There are trucks decorated with flags, flowers and bunting and they drive down the road past `The Millstone Hotel'. Then there are shots from different parts of the town showing all of the decorated poles, buildings, and sets of steps covered in flowers.
In a field a crowd have gathered and are watching two girls sitting on a pole and trying to knock each other off with pillows; there are also sprinting races, sack races, and other games for children of all ages. The camera has positioned itself at the end of the track and from there takes shots of the girls' egg and spoon race.
In another section of the field a wooden frame has been erected and apples have been tied to string and young boys try to take a bite of the apple without using their hands. They also take part in an assault course where they crawl under nets on the ground.
Back on the streets of the town, two open back trucks are decorated with flags and bunting, and they carefully reverse onto a main street; women and children sit in the back wearing fancy dress. There are other floats in different parts of the town with people on them wearing costumes; there are princesses and princes, knights and clowns.

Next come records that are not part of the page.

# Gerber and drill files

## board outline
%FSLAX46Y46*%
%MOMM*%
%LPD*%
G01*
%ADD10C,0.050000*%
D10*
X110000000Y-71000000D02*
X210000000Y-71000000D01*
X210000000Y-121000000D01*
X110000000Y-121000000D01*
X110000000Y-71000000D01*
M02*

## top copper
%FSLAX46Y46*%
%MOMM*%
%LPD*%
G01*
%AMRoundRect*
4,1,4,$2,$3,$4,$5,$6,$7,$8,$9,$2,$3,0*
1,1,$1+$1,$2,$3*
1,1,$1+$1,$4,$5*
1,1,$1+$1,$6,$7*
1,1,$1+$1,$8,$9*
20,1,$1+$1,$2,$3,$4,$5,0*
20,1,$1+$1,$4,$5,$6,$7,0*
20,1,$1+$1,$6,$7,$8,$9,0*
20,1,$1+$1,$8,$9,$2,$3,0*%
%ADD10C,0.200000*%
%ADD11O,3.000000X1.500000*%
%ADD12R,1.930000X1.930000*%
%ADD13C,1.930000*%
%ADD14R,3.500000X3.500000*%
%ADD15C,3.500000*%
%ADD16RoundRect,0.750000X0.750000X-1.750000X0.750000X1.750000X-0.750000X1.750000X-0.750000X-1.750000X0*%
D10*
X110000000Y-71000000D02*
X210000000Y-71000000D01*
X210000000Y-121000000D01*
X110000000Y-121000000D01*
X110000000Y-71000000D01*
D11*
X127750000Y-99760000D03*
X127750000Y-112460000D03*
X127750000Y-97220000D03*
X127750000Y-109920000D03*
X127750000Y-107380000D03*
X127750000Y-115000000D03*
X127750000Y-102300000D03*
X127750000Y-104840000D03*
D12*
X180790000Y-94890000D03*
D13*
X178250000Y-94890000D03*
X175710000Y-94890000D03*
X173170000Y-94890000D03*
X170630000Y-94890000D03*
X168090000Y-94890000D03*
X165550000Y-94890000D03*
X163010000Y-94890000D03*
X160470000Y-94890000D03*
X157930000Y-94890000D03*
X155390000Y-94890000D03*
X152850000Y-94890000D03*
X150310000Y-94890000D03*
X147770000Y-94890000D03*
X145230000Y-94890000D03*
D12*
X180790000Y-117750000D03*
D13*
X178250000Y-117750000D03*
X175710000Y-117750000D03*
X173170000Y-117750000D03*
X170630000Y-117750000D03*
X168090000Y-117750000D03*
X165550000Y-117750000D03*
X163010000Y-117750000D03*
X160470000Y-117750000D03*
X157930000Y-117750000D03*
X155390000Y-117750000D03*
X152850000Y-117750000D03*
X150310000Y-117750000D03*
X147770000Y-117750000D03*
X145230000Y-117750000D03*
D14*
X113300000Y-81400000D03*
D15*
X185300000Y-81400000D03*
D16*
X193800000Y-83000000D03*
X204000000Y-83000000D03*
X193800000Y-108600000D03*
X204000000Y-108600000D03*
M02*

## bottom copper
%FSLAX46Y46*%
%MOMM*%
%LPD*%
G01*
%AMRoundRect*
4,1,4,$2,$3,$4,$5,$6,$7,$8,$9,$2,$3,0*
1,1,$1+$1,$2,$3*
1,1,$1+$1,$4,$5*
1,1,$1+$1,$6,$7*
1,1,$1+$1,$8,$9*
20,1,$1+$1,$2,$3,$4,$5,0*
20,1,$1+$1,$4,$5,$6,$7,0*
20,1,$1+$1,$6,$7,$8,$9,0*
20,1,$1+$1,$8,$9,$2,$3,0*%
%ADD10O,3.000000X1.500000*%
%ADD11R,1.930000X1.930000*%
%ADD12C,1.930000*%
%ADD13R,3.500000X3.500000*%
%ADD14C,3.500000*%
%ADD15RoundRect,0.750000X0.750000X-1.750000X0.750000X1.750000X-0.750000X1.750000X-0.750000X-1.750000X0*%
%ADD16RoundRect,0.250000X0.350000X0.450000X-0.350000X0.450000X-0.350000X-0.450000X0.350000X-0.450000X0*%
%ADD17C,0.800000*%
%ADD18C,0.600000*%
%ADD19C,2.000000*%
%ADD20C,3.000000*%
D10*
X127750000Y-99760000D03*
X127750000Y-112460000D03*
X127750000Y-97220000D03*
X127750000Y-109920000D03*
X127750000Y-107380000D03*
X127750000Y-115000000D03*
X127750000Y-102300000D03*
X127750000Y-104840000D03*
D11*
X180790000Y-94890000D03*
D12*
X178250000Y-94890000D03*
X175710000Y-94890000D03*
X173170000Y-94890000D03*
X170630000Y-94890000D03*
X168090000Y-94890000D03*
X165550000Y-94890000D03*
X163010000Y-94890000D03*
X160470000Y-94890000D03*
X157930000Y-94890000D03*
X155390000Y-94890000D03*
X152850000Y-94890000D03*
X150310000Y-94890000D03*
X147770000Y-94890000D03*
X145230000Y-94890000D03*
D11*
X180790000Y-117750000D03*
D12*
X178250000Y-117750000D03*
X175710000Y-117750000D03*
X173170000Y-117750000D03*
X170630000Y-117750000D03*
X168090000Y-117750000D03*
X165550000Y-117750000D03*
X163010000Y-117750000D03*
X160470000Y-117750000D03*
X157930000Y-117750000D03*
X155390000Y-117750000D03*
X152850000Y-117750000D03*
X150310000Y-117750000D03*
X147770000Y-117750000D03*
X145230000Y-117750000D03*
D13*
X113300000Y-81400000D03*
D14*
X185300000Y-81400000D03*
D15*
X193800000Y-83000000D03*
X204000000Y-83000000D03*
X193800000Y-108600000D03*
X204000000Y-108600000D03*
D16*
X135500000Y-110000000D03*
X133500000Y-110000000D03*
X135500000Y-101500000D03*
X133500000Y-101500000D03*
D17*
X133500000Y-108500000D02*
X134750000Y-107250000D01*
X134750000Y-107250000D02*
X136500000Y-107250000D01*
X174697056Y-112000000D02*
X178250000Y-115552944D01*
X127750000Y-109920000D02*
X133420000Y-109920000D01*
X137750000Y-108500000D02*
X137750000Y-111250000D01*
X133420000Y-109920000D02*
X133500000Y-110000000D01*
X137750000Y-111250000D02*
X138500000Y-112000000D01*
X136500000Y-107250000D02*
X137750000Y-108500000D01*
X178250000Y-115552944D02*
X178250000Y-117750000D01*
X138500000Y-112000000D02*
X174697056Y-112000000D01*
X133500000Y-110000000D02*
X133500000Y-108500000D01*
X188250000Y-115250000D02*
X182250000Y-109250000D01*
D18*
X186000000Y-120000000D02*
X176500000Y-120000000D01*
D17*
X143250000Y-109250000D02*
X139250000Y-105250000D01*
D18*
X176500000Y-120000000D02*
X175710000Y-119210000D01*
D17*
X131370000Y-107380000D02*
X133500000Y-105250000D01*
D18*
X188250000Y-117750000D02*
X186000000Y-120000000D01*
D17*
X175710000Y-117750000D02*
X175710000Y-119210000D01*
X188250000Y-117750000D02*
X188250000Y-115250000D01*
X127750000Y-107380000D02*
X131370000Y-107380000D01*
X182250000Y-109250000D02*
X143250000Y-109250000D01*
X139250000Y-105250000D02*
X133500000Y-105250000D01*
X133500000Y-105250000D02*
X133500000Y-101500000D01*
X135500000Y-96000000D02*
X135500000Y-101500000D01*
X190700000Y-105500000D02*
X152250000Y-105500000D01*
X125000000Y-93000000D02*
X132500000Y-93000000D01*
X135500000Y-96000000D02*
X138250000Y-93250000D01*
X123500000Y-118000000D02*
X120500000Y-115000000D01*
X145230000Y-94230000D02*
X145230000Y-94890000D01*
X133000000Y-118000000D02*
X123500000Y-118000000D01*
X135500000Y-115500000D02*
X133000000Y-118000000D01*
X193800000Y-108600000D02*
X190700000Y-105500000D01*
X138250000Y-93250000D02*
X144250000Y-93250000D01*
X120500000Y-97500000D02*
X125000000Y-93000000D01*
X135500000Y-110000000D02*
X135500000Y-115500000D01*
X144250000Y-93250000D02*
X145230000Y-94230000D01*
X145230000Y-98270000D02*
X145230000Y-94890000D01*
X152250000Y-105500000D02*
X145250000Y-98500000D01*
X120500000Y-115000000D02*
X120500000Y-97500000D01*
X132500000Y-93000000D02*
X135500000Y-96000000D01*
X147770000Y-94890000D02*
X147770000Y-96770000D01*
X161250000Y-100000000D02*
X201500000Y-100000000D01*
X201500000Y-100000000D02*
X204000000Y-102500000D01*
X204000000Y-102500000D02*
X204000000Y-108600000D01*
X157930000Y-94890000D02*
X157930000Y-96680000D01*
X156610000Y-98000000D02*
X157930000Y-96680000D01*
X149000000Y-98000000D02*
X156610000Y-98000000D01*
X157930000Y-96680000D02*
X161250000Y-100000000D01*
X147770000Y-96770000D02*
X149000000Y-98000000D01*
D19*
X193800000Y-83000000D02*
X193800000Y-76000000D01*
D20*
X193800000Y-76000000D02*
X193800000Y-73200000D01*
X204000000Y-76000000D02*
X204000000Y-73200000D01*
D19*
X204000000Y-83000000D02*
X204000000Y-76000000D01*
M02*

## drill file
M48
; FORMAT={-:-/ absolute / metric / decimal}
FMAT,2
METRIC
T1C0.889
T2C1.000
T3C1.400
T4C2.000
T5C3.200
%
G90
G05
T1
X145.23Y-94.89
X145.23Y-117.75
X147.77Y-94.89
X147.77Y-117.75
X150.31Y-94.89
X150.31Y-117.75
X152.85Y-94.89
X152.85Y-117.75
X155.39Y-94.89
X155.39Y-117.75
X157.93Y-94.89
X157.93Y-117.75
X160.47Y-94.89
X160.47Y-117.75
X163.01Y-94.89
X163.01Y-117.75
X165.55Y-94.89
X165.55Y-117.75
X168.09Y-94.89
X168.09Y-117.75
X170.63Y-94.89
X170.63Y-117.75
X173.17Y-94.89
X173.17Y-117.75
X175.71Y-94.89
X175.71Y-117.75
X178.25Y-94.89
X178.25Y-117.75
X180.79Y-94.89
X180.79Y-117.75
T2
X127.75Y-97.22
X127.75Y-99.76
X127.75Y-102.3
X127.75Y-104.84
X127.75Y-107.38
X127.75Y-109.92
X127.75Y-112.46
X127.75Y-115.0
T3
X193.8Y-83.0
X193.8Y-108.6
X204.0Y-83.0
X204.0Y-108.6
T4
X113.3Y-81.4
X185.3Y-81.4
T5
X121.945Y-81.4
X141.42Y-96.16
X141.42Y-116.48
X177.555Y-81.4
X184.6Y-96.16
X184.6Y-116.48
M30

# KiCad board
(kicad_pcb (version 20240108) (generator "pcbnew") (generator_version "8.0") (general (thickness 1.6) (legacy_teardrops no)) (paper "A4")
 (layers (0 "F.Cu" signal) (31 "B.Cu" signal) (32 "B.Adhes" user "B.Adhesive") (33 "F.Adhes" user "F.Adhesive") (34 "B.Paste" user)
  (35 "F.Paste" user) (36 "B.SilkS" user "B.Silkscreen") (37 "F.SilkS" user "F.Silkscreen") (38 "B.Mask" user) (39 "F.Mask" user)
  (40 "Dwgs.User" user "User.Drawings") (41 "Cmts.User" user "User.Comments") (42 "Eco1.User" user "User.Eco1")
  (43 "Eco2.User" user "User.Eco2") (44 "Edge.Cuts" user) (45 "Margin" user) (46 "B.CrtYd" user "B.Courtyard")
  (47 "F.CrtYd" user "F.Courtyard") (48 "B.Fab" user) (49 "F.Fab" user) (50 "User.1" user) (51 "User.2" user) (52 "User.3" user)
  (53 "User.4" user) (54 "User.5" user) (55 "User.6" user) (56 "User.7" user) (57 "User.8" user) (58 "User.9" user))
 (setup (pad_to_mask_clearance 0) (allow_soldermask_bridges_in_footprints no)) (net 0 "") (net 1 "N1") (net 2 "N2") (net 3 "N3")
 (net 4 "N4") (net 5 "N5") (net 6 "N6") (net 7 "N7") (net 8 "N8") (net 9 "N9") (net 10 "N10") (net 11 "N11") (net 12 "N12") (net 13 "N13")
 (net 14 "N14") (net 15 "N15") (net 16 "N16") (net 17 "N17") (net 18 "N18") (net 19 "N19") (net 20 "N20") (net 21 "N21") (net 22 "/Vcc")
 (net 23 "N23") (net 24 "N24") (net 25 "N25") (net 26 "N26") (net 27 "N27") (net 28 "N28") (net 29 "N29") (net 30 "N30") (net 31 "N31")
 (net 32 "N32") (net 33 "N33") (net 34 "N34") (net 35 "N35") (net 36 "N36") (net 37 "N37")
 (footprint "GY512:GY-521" (layer "F.Cu") (at 129.52 95.156 180)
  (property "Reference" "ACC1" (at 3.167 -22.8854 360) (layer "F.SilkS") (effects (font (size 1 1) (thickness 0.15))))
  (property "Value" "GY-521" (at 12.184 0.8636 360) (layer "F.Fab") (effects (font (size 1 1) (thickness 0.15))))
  (pad "AD0" thru_hole oval (at 1.77 -4.604 180) (size 3 1.5) (drill 1) (layers "*.Cu" "*.Mask") (remove_unused_layers no) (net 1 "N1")
   (solder_mask_margin 0.102))
  (pad "GND" thru_hole oval (at 1.77 -17.304 180) (size 3 1.5) (drill 1) (layers "*.Cu" "*.Mask") (remove_unused_layers no) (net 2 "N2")
   (solder_mask_margin 0.102))
  (pad "INT" thru_hole oval (at 1.77 -2.064 180) (size 3 1.5) (drill 1) (layers "*.Cu" "*.Mask") (remove_unused_layers no) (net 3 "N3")
   (solder_mask_margin 0.102))
  (pad "SCL" thru_hole oval (at 1.77 -14.764 180) (size 3 1.5) (drill 1) (layers "*.Cu" "*.Mask") (remove_unused_layers no) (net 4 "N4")
   (solder_mask_margin 0.102))
  (pad "SDA" thru_hole oval (at 1.77 -12.224 180) (size 3 1.5) (drill 1) (layers "*.Cu" "*.Mask") (remove_unused_layers no) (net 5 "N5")
   (solder_mask_margin 0.102))
  (pad "VCC" thru_hole oval (at 1.77 -19.844 180) (size 3 1.5) (drill 1) (layers "*.Cu" "*.Mask") (remove_unused_layers no) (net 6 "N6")
   (solder_mask_margin 0.102))
  (pad "XCL" thru_hole oval (at 1.77 -7.144 180) (size 3 1.5) (drill 1) (layers "*.Cu" "*.Mask") (remove_unused_layers no) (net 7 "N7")
   (solder_mask_margin 0.102))
  (pad "XDA" thru_hole oval (at 1.77 -9.684 180) (size 3 1.5) (drill 1) (layers "*.Cu" "*.Mask") (remove_unused_layers no) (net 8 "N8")
   (solder_mask_margin 0.102)))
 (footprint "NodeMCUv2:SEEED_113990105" (layer "F.Cu") (at 163.01 106.32 -90)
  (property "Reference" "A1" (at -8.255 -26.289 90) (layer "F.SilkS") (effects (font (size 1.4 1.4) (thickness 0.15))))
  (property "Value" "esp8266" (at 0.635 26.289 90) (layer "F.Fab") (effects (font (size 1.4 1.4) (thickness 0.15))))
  (pad "" np_thru_hole circle (at -10.16 -21.59 270) (size 3.2 3.2) (drill 3.2) (layers "*.Cu" "*.Mask"))
  (pad "" np_thru_hole circle (at -10.16 21.59 270) (size 3.2 3.2) (drill 3.2) (layers "*.Cu" "*.Mask"))
  (pad "" np_thru_hole circle (at 10.16 -21.59 270) (size 3.2 3.2) (drill 3.2) (layers "*.Cu" "*.Mask"))
  (pad "" np_thru_hole circle (at 10.16 21.59 270) (size 3.2 3.2) (drill 3.2) (layers "*.Cu" "*.Mask"))
  (pad "J1_1" thru_hole rect (at -11.43 -17.78 270) (size 1.93 1.93) (drill 0.889) (layers "*.Cu" "*.Mask") (remove_unused_layers no)
   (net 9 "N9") (solder_mask_margin 0.102))
  (pad "J1_2" thru_hole circle (at -11.43 -15.24 270) (size 1.93 1.93) (drill 0.889) (layers "*.Cu" "*.Mask") (remove_unused_layers no)
   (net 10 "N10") (solder_mask_margin 0.102))
  (pad "J1_3" thru_hole circle (at -11.43 -12.7 270) (size 1.93 1.93) (drill 0.889) (layers "*.Cu" "*.Mask") (remove_unused_layers no)
   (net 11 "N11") (solder_mask_margin 0.102))
  (pad "J1_4" thru_hole circle (at -11.43 -10.16 270) (size 1.93 1.93) (drill 0.889) (layers "*.Cu" "*.Mask") (remove_unused_layers no)
   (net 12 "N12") (solder_mask_margin 0.102))
  (pad "J1_5" thru_hole circle (at -11.43 -7.62 270) (size 1.93 1.93) (drill 0.889) (layers "*.Cu" "*.Mask") (remove_unused_layers no)
   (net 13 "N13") (solder_mask_margin 0.102))
  (pad "J1_6" thru_hole circle (at -11.43 -5.08 270) (size 1.93 1.93) (drill 0.889) (layers "*.Cu" "*.Mask") (remove_unused_layers no)
   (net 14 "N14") (solder_mask_margin 0.102))
  (pad "J1_7" thru_hole circle (at -11.43 -2.54 270) (size 1.93 1.93) (drill 0.889) (layers "*.Cu" "*.Mask") (remove_unused_layers no)
   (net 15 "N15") (solder_mask_margin 0.102))
  (pad "J1_8" thru_hole circle (at -11.43 0 270) (size 1.93 1.93) (drill 0.889) (layers "*.Cu" "*.Mask") (remove_unused_layers no)
   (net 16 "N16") (solder_mask_margin 0.102))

The floats drive slowly down the road in procession and a lot of people line the streets to watch as they go by. There are shots of the floats taken from different angles on the street and there are more shots taken from the town square which take in all of the people, floats and buildings. A policeman directs the floats around the square.
In the next scene, young boys and girls in fancy dress dance around the Maypole. A huge crowd of people watch them. Back on the main street some men in fancy dress carry a large drum across the road and wave at the camera. This is followed by shots of a brass band marching down the main street with flag bearers and a huge crowd of people walking after them. Then there are shots of some children wheeling each other along the road in wheel barrows and then stopping at a table that has been set up with glasses of orange.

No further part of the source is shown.